▸ Problem
Look through the entries below and extract exactly the lines from the one containing "X68783333Y-47383390D02*" through the one containing "X68450000Y-47954819D02*", ends included.

▸ Supplied records
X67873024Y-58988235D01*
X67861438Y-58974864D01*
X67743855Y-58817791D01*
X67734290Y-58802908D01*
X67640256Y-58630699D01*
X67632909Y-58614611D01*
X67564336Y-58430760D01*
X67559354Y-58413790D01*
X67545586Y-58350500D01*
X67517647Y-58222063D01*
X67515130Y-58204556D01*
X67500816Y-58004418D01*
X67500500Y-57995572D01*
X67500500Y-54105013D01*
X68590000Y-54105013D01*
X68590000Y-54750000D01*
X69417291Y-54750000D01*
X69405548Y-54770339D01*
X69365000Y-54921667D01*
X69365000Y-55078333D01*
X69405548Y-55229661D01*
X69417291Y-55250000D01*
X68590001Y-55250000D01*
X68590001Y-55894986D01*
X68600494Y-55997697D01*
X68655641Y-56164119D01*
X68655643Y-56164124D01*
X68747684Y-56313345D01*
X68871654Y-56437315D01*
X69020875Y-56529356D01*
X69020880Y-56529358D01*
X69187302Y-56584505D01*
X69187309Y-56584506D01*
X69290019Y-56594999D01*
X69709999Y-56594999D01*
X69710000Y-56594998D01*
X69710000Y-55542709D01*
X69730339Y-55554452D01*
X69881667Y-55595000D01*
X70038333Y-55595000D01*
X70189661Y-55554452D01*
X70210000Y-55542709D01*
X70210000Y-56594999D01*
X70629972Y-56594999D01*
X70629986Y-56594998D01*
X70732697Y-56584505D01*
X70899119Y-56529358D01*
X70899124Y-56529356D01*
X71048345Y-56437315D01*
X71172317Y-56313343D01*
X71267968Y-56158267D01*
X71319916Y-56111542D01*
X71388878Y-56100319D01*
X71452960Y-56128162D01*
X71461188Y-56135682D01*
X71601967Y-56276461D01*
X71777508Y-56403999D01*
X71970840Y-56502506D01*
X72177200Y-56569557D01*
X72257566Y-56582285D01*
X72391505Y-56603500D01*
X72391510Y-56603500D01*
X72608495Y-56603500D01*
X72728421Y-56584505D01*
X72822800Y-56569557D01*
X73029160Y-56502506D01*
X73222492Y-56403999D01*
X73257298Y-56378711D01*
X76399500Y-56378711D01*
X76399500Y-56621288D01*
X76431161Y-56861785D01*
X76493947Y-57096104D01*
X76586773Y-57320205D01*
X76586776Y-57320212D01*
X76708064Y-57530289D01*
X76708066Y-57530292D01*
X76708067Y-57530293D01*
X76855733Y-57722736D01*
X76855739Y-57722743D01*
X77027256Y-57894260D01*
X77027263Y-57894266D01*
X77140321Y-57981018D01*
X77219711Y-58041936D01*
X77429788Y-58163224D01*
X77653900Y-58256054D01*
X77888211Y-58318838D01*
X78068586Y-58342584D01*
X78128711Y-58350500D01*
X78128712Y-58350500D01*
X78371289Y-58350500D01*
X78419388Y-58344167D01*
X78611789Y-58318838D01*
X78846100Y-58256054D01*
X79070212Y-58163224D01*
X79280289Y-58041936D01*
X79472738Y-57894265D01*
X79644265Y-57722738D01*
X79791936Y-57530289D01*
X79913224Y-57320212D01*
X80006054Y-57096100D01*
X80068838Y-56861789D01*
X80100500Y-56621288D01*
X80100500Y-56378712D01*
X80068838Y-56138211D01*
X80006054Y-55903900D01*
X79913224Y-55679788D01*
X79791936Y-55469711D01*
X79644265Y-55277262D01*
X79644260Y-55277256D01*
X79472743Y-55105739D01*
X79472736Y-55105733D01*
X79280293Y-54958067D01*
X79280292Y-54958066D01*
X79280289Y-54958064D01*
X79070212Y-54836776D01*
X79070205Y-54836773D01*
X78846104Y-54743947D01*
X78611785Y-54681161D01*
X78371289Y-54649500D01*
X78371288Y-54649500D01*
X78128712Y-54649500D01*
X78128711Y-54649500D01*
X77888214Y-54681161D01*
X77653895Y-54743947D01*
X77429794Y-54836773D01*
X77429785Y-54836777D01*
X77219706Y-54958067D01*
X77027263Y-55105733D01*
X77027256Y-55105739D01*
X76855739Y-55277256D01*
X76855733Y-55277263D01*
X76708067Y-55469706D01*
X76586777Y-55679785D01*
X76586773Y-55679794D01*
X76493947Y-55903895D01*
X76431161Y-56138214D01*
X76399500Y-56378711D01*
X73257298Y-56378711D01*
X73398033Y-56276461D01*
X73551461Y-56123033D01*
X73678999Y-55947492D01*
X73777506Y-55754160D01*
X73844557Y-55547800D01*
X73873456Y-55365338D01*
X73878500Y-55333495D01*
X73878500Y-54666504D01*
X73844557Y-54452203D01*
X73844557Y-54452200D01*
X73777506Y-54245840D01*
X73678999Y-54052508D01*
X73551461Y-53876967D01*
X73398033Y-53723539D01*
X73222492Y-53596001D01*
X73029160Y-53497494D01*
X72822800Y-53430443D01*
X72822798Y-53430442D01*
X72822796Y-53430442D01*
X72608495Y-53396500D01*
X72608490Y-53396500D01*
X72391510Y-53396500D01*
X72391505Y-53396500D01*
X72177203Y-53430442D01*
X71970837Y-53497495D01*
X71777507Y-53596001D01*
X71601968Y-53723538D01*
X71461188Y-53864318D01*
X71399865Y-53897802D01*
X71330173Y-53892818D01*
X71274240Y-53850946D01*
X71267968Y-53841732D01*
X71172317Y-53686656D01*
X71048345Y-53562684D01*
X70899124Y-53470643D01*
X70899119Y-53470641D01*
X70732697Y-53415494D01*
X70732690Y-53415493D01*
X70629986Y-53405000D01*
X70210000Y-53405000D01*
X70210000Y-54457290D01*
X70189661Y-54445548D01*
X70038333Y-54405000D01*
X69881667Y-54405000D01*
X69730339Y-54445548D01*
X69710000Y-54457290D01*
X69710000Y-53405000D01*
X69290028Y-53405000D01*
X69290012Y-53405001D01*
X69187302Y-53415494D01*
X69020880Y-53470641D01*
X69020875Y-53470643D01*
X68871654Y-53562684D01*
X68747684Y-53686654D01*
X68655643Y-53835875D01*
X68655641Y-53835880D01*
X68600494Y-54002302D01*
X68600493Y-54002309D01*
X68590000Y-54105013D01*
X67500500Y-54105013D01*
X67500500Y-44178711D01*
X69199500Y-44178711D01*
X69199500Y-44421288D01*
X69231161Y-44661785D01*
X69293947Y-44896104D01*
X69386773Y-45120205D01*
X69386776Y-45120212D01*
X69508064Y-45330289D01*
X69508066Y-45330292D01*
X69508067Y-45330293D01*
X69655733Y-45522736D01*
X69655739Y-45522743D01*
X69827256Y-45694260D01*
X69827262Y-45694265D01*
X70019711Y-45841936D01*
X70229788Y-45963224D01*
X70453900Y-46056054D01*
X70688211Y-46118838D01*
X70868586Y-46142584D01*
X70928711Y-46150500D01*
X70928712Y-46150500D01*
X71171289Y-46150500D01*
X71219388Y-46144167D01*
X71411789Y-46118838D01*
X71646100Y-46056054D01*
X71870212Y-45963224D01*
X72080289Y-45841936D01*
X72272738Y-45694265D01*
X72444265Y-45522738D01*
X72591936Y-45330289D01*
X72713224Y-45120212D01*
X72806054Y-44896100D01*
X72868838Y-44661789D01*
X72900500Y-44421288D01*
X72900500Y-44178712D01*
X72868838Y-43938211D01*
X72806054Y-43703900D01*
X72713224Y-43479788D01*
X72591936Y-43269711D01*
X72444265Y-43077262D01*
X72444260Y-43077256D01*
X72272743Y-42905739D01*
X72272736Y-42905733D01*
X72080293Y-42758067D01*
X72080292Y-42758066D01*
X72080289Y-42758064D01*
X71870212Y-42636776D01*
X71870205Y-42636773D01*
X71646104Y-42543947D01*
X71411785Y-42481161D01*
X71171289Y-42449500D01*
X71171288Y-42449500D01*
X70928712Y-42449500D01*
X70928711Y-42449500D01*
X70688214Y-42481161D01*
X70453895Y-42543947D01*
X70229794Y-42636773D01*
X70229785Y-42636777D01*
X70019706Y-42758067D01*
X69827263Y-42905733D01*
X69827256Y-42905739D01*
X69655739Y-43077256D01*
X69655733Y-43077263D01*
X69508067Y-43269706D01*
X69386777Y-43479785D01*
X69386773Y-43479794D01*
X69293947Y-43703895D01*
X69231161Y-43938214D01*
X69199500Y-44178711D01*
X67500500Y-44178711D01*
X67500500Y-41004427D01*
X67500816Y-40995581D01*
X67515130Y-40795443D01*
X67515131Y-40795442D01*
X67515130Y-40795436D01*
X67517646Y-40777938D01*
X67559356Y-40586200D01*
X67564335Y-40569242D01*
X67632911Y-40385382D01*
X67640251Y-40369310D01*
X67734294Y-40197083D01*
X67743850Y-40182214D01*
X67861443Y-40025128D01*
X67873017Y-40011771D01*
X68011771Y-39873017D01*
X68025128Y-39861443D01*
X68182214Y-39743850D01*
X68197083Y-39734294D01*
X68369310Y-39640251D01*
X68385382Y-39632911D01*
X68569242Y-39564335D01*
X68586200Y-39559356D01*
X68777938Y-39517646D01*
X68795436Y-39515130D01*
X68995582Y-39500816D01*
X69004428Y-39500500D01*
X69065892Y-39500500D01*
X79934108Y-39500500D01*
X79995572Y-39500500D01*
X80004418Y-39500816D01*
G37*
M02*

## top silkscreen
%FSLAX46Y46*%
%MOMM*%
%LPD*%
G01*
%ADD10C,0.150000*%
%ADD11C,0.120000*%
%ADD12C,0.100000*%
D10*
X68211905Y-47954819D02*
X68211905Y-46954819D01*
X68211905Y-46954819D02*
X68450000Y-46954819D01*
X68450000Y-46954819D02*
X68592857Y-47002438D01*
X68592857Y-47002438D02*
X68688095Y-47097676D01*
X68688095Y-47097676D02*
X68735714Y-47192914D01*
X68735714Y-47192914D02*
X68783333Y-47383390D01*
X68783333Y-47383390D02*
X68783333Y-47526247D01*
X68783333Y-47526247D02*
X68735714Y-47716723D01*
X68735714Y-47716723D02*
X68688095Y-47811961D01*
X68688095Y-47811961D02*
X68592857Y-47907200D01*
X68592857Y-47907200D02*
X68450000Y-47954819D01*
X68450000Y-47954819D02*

==

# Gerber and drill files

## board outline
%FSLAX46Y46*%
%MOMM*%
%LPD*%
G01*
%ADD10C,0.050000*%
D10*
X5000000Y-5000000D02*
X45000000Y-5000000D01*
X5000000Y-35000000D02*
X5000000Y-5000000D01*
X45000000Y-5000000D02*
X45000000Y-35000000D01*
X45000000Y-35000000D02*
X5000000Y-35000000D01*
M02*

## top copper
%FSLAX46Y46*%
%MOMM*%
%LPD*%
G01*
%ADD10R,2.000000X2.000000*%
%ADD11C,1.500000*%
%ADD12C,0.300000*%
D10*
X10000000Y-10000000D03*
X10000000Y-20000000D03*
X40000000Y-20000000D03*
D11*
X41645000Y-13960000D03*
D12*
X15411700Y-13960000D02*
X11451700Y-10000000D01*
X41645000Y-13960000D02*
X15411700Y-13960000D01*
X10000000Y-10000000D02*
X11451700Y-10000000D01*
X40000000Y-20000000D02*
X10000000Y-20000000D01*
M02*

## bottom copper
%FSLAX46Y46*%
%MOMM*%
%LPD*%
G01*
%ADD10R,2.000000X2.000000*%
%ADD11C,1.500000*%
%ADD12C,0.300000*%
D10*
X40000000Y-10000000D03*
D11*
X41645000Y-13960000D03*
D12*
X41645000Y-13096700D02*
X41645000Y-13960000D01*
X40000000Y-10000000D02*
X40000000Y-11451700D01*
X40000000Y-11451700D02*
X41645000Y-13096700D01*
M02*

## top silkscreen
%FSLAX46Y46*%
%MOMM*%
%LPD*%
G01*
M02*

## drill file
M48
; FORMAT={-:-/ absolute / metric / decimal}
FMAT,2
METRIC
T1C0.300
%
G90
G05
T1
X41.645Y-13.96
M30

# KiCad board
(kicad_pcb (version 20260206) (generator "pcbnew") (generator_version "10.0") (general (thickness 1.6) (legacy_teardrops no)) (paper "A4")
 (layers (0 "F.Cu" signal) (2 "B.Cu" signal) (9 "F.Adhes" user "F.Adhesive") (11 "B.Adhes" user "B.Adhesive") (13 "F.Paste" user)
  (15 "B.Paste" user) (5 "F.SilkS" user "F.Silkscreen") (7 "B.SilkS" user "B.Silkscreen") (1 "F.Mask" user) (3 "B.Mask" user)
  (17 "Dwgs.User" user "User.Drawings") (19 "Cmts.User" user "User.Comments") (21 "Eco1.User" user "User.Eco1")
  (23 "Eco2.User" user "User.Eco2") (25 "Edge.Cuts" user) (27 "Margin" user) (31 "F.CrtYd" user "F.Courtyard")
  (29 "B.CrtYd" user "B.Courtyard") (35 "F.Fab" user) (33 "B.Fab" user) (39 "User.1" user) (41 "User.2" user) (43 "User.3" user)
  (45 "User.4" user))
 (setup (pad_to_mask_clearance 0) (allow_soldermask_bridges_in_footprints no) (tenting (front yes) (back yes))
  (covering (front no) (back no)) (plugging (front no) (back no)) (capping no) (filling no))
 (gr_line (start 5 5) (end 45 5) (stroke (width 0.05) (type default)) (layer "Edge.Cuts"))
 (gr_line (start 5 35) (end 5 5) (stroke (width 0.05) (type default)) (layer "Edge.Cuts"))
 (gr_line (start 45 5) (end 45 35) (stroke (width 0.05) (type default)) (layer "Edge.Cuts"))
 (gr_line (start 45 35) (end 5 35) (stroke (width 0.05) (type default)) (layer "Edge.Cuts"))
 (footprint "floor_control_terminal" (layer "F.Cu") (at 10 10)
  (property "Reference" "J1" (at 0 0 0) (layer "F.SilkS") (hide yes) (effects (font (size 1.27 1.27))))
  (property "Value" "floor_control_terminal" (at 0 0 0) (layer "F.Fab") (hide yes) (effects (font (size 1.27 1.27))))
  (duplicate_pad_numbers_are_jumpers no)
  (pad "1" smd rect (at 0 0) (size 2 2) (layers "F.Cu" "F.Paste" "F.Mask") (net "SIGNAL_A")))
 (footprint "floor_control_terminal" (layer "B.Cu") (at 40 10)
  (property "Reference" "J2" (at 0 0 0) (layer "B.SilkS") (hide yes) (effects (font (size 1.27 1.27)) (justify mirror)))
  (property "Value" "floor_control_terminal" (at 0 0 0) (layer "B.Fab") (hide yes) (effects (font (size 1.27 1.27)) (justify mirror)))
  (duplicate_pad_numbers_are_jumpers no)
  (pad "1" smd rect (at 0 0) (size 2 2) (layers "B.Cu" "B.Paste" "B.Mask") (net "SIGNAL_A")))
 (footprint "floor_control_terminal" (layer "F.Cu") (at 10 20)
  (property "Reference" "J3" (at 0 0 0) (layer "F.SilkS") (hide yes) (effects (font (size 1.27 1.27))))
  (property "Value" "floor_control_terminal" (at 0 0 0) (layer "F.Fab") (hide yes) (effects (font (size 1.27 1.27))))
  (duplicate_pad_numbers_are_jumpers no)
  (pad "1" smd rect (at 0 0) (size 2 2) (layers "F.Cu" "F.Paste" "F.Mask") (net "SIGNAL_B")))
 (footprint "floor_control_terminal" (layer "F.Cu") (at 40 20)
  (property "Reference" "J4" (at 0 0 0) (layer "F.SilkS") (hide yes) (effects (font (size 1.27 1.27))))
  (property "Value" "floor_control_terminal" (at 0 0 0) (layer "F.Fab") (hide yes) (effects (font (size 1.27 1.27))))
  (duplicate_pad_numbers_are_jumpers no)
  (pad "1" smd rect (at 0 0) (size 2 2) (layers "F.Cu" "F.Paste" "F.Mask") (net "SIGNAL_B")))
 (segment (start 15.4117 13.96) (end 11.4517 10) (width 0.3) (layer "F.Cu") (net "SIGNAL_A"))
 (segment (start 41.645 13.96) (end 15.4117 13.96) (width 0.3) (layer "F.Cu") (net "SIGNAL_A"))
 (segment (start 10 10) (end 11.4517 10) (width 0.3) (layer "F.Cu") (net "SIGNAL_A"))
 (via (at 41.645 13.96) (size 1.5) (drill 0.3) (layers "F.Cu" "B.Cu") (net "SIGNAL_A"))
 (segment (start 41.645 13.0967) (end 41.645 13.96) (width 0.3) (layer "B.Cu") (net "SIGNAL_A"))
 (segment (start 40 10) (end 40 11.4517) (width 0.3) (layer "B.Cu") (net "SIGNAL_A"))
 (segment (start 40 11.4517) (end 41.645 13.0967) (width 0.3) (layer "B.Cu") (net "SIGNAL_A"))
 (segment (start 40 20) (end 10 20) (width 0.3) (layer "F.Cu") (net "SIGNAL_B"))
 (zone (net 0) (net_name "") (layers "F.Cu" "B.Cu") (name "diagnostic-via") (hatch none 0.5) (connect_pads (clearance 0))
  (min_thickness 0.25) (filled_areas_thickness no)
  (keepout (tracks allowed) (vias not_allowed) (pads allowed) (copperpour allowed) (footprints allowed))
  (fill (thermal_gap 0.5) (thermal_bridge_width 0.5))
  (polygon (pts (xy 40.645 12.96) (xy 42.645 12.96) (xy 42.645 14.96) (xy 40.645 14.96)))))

▸ Result for this exercise
X68783333Y-47383390D02*
X68783333Y-47526247D01*
X68783333Y-47526247D02*
X68735714Y-47716723D01*
X68735714Y-47716723D02*
X68688095Y-47811961D01*
X68688095Y-47811961D02*
X68592857Y-47907200D01*
X68592857Y-47907200D02*
X68450000Y-47954819D01*
X68450000Y-47954819D02*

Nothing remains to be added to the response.